Ein guter Artikel? Halt bloß die Esse fest….

In meinen Augen: dumm und polarisierend! Wenn ich es recht in Erinnerung habe, wurde der vorliegende Artikel von seinen Autoren schon insofern entschärft, dass mit dem Begriff „Mietlinge“ vorher noch freizügiger umgegangen wurde – es wurden indirekt auch die mit angesprochen, die vorher begeisterte „Junge Christen“, sich nun aber nicht mehr der Radikalität der federführenden Autorenschaft so ohne weiteres unterordneten. Und falls mein Gedächtnis mich nicht trügt, nahm der Schreiber auch den Gedanken von außen auf, wieso er sich nicht eine andere Gemeinschaft sucht. Seine Antwort, sinngemäß,: er denke gar nicht daran…

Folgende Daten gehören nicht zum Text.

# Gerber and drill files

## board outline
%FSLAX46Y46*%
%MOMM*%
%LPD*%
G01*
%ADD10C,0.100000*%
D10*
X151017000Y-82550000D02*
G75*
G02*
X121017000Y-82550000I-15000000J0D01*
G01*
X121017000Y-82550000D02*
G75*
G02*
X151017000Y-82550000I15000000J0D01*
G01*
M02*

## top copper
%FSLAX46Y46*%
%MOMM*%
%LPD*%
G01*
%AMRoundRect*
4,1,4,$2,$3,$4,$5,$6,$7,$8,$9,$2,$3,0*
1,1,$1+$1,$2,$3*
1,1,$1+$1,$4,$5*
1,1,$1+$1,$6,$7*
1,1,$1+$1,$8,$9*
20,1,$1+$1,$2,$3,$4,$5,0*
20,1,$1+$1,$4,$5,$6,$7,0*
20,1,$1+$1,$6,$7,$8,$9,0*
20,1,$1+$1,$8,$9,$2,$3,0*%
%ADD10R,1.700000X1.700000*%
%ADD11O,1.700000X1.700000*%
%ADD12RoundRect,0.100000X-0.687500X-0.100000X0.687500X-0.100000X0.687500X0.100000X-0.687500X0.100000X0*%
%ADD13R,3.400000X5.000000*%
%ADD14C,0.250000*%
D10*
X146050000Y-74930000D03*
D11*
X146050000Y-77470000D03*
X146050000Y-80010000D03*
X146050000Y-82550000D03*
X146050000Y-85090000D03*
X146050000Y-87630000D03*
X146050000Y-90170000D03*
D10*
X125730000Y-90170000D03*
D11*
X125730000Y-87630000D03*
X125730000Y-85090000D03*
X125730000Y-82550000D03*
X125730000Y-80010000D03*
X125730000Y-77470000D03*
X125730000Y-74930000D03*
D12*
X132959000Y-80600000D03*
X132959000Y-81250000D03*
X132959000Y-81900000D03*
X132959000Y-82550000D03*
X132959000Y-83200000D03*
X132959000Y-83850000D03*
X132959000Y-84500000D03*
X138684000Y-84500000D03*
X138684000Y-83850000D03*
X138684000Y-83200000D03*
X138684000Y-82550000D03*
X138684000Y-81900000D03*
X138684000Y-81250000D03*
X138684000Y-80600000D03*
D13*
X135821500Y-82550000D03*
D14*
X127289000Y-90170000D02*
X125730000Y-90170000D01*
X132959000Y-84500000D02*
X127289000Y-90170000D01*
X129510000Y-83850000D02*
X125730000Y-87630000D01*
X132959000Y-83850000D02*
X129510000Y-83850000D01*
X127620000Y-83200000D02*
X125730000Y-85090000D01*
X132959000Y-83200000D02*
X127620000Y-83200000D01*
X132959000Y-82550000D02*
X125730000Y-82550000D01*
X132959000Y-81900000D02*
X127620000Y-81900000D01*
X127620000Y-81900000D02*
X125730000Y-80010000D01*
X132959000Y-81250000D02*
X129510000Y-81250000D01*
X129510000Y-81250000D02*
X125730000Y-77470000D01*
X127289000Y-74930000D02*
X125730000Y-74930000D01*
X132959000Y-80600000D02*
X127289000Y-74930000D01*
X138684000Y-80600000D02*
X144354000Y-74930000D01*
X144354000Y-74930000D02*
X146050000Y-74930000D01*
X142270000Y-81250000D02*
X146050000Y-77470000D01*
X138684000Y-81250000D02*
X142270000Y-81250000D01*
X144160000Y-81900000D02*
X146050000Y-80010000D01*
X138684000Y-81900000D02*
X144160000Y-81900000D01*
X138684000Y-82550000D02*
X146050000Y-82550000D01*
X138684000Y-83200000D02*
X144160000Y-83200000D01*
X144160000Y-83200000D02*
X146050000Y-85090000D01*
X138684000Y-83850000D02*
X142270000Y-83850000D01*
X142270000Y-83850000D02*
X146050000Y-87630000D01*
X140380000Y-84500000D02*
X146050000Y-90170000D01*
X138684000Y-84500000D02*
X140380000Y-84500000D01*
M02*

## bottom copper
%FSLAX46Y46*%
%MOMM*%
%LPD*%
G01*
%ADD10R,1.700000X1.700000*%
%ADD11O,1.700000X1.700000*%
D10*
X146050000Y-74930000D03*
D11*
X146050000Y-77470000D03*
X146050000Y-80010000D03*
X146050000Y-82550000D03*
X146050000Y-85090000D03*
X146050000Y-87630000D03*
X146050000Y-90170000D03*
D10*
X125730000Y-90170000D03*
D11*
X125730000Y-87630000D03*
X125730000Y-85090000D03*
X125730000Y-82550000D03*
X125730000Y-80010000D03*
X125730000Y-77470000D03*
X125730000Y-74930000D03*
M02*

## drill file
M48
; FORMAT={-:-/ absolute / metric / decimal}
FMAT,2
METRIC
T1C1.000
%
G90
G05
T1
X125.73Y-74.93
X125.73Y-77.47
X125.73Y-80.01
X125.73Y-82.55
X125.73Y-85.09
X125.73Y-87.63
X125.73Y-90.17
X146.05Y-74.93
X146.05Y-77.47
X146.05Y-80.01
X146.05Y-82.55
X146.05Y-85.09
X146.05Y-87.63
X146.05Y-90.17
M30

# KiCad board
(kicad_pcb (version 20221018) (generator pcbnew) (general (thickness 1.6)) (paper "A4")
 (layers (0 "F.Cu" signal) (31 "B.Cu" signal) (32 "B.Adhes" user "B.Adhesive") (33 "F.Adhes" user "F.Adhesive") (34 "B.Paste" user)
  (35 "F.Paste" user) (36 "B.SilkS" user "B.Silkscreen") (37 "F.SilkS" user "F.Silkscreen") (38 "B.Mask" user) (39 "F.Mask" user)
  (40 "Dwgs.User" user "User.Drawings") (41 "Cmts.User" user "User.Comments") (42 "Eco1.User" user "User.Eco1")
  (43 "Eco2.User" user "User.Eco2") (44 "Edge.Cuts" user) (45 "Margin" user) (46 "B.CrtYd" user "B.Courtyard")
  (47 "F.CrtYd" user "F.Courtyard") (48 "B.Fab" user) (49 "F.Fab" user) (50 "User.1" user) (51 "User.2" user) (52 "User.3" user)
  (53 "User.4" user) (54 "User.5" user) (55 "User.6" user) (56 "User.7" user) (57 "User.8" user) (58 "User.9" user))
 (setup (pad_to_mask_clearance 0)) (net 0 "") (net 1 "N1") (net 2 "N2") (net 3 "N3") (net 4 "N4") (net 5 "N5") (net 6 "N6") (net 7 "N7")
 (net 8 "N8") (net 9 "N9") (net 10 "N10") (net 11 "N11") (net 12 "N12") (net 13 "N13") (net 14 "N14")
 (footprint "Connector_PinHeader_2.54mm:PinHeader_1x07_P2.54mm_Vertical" (layer "F.Cu") (at 146.05 74.93)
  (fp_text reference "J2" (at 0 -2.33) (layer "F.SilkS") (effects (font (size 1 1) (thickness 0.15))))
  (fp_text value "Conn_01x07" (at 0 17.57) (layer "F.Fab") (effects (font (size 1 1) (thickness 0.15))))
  (pad "1" thru_hole rect (at 0 0) (size 1.7 1.7) (drill 1) (layers "*.Cu" "*.Mask") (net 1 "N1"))
  (pad "2" thru_hole oval (at 0 2.54) (size 1.7 1.7) (drill 1) (layers "*.Cu" "*.Mask") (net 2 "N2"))
  (pad "3" thru_hole oval (at 0 5.08) (size 1.7 1.7) (drill 1) (layers "*.Cu" "*.Mask") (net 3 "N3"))
  (pad "4" thru_hole oval (at 0 7.62) (size 1.7 1.7) (drill 1) (layers "*.Cu" "*.Mask") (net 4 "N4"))
  (pad "5" thru_hole oval (at 0 10.16) (size 1.7 1.7) (drill 1) (layers "*.Cu" "*.Mask") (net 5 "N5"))
  (pad "6" thru_hole oval (at 0 12.7) (size 1.7 1.7) (drill 1) (layers "*.Cu" "*.Mask") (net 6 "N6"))
  (pad "7" thru_hole oval (at 0 15.24) (size 1.7 1.7) (drill 1) (layers "*.Cu" "*.Mask") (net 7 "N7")))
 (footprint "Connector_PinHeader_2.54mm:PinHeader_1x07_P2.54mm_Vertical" (layer "F.Cu") (at 125.73 90.17 180)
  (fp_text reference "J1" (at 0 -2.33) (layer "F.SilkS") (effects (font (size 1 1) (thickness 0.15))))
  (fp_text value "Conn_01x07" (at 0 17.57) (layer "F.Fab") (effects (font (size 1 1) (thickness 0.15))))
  (pad "1" thru_hole rect (at 0 0 180) (size 1.7 1.7) (drill 1) (layers "*.Cu" "*.Mask") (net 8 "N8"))
  (pad "2" thru_hole oval (at 0 2.54 180) (size 1.7 1.7) (drill 1) (layers "*.Cu" "*.Mask") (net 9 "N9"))
  (pad "3" thru_hole oval (at 0 5.08 180) (size 1.7 1.7) (drill 1) (layers "*.Cu" "*.Mask") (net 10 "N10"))
  (pad "4" thru_hole oval (at 0 7.62 180) (size 1.7 1.7) (drill 1) (layers "*.Cu" "*.Mask") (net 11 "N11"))
  (pad "5" thru_hole oval (at 0 10.16 180) (size 1.7 1.7) (drill 1) (layers "*.Cu" "*.Mask") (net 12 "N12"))
  (pad "6" thru_hole oval (at 0 12.7 180) (size 1.7 1.7) (drill 1) (layers "*.Cu" "*.Mask") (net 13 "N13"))
  (pad "7" thru_hole oval (at 0 15.24 180) (size 1.7 1.7) (drill 1) (layers "*.Cu" "*.Mask") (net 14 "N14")))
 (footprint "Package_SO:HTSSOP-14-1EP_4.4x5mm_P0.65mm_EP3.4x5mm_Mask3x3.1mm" (layer "F.Cu") (at 135.8215 82.55)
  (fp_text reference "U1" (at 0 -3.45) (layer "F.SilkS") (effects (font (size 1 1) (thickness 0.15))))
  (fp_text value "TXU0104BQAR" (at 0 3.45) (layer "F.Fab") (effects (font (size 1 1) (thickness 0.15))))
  (pad "" smd roundrect (at -0.75 -0.775) (size 1.21 1.25) (layers "F.Paste") (roundrect_rratio 0.2066123967))
  (pad "" smd roundrect (at -0.75 0.775) (size 1.21 1.25) (layers "F.Paste") (roundrect_rratio 0.2066123967))
  (pad "" smd rect (at 0 0) (size 3 3.1) (layers "F.Mask"))
  (pad "" smd roundrect (at 0.75 -0.775) (size 1.21 1.25) (layers "F.Paste") (roundrect_rratio 0.2066123967))
  (pad "" smd roundrect (at 0.75 0.775) (size 1.21 1.25) (layers "F.Paste") (roundrect_rratio 0.2066123967))
  (pad "1" smd roundrect (at -2.8625 -1.95) (size 1.575 0.4) (layers "F.Cu" "F.Paste" "F.Mask") (roundrect_rratio 0.25) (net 14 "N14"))
  (pad "2" smd roundrect (at -2.8625 -1.3) (size 1.575 0.4) (layers "F.Cu" "F.Paste" "F.Mask") (roundrect_rratio 0.25) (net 13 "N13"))
  (pad "3" smd roundrect (at -2.8625 -0.65) (size 1.575 0.4) (layers "F.Cu" "F.Paste" "F.Mask") (roundrect_rratio 0.25) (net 12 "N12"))
  (pad "4" smd roundrect (at -2.8625 0) (size 1.575 0.4) (layers "F.Cu" "F.Paste" "F.Mask") (roundrect_rratio 0.25) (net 11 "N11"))
  (pad "5" smd roundrect (at -2.8625 0.65) (size 1.575 0.4) (layers "F.Cu" "F.Paste" "F.Mask") (roundrect_rratio 0.25) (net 10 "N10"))
  (pad "6" smd roundrect (at -2.8625 1.3) (size 1.575 0.4) (layers "F.Cu" "F.Paste" "F.Mask") (roundrect_rratio 0.25) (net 9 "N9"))
  (pad "7" smd roundrect (at -2.8625 1.95) (size 1.575 0.4) (layers "F.Cu" "F.Paste" "F.Mask") (roundrect_rratio 0.25) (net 8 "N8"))
  (pad "8" smd roundrect (at 2.8625 1.95) (size 1.575 0.4) (layers "F.Cu" "F.Paste" "F.Mask") (roundrect_rratio 0.25) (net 7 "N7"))
  (pad "9" smd roundrect (at 2.8625 1.3) (size 1.575 0.4) (layers "F.Cu" "F.Paste" "F.Mask") (roundrect_rratio 0.25) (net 6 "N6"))
  (pad "10" smd roundrect (at 2.8625 0.65) (size 1.575 0.4) (layers "F.Cu" "F.Paste" "F.Mask") (roundrect_rratio 0.25) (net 5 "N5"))
  (pad "11" smd roundrect (at 2.8625 0) (size 1.575 0.4) (layers "F.Cu" "F.Paste" "F.Mask") (roundrect_rratio 0.25) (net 4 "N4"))
  (pad "12" smd roundrect (at 2.8625 -0.65) (size 1.575 0.4) (layers "F.Cu" "F.Paste" "F.Mask") (roundrect_rratio 0.25) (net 3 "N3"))
  (pad "13" smd roundrect (at 2.8625 -1.3) (size 1.575 0.4) (layers "F.Cu" "F.Paste" "F.Mask") (roundrect_rratio 0.25) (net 2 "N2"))
  (pad "14" smd roundrect (at 2.8625 -1.95) (size 1.575 0.4) (layers "F.Cu" "F.Paste" "F.Mask") (roundrect_rratio 0.25) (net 1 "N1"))
  (pad "15" smd rect (at 0 0) (size 3.4 5) (layers "F.Cu")))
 (gr_circle (center 136.017 82.55) (end 151.017 82.55) (stroke (width 0.1) (type default)) (fill none) (layer "Edge.Cuts"))
 (segment (start 127.289 90.17) (end 125.73 90.17) (width 0.25) (layer "F.Cu") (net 8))
 (segment (start 132.959 84.5) (end 127.289 90.17) (width 0.25) (layer "F.Cu") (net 8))
 (segment (start 129.51 83.85) (end 125.73 87.63) (width 0.25) (layer "F.Cu") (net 9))
 (segment (start 132.959 83.85) (end 129.51 83.85) (width 0.25) (layer "F.Cu") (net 9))
 (segment (start 127.62 83.2) (end 125.73 85.09) (width 0.25) (layer "F.Cu") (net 10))
 (segment (start 132.959 83.2) (end 127.62 83.2) (width 0.25) (layer "F.Cu") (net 10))
 (segment (start 132.959 82.55) (end 125.73 82.55) (width 0.25) (layer "F.Cu") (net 11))
 (segment (start 132.959 81.9) (end 127.62 81.9) (width 0.25) (layer "F.Cu") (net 12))
 (segment (start 127.62 81.9) (end 125.73 80.01) (width 0.25) (layer "F.Cu") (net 12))
 (segment (start 132.959 81.25) (end 129.51 81.25) (width 0.25) (layer "F.Cu") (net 13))
 (segment (start 129.51 81.25) (end 125.73 77.47) (width 0.25) (layer "F.Cu") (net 13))
 (segment (start 127.289 74.93) (end 125.73 74.93) (width 0.25) (layer "F.Cu") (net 14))
 (segment (start 132.959 80.6) (end 127.289 74.93) (width 0.25) (layer "F.Cu") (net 14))
 (segment (start 138.684 80.6) (end 144.354 74.93) (width 0.25) (layer "F.Cu") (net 1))
 (segment (start 144.354 74.93) (end 146.05 74.93) (width 0.25) (layer "F.Cu") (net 1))
 (segment (start 142.27 81.25) (end 146.05 77.47) (width 0.25) (layer "F.Cu") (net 2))
 (segment (start 138.684 81.25) (end 142.27 81.25) (width 0.25) (layer "F.Cu") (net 2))
 (segment (start 144.16 81.9) (end 146.05 80.01) (width 0.25) (layer "F.Cu") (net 3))
 (segment (start 138.684 81.9) (end 144.16 81.9) (width 0.25) (layer "F.Cu") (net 3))
 (segment (start 138.684 82.55) (end 146.05 82.55) (width 0.25) (layer "F.Cu") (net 4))
 (segment (start 138.684 83.2) (end 144.16 83.2) (width 0.25) (layer "F.Cu") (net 5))
 (segment (start 144.16 83.2) (end 146.05 85.09) (width 0.25) (layer "F.Cu") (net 5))
 (segment (start 138.684 83.85) (end 142.27 83.85) (width 0.25) (layer "F.Cu") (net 6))
 (segment (start 142.27 83.85) (end 146.05 87.63) (width 0.25) (layer "F.Cu") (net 6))
 (segment (start 140.38 84.5) (end 146.05 90.17) (width 0.25) (layer "F.Cu") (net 7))
 (segment (start 138.684 84.5) (end 140.38 84.5) (width 0.25) (layer "F.Cu") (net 7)))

Meint hier wirklich jemand allen Ernstes, man könne mit der Brechstange ein gewachsenes System zerstören? Meinen die Autoren wirklich, die geneigte Leserschaft ließe sich in deren Sinne manipulieren? Es gibt viele Gründe, warum sie dieses nicht mit sich machen lässt: Sie kennt die Autoren persönlich und hat ein ganz klares Bild von ihnen; sie lässt sich nicht von „denen“ sagen, wann die Revolution stattzufinden hat; sie fühlt sich wohl, so wie es ist und sperrt sich gegen ein paar „Heißsporne“, die ihr ganzes Glaubensleben in Frage stellen. Kann ich verstehen – in meinen Augen ein psychologischer Rohrkrepierer!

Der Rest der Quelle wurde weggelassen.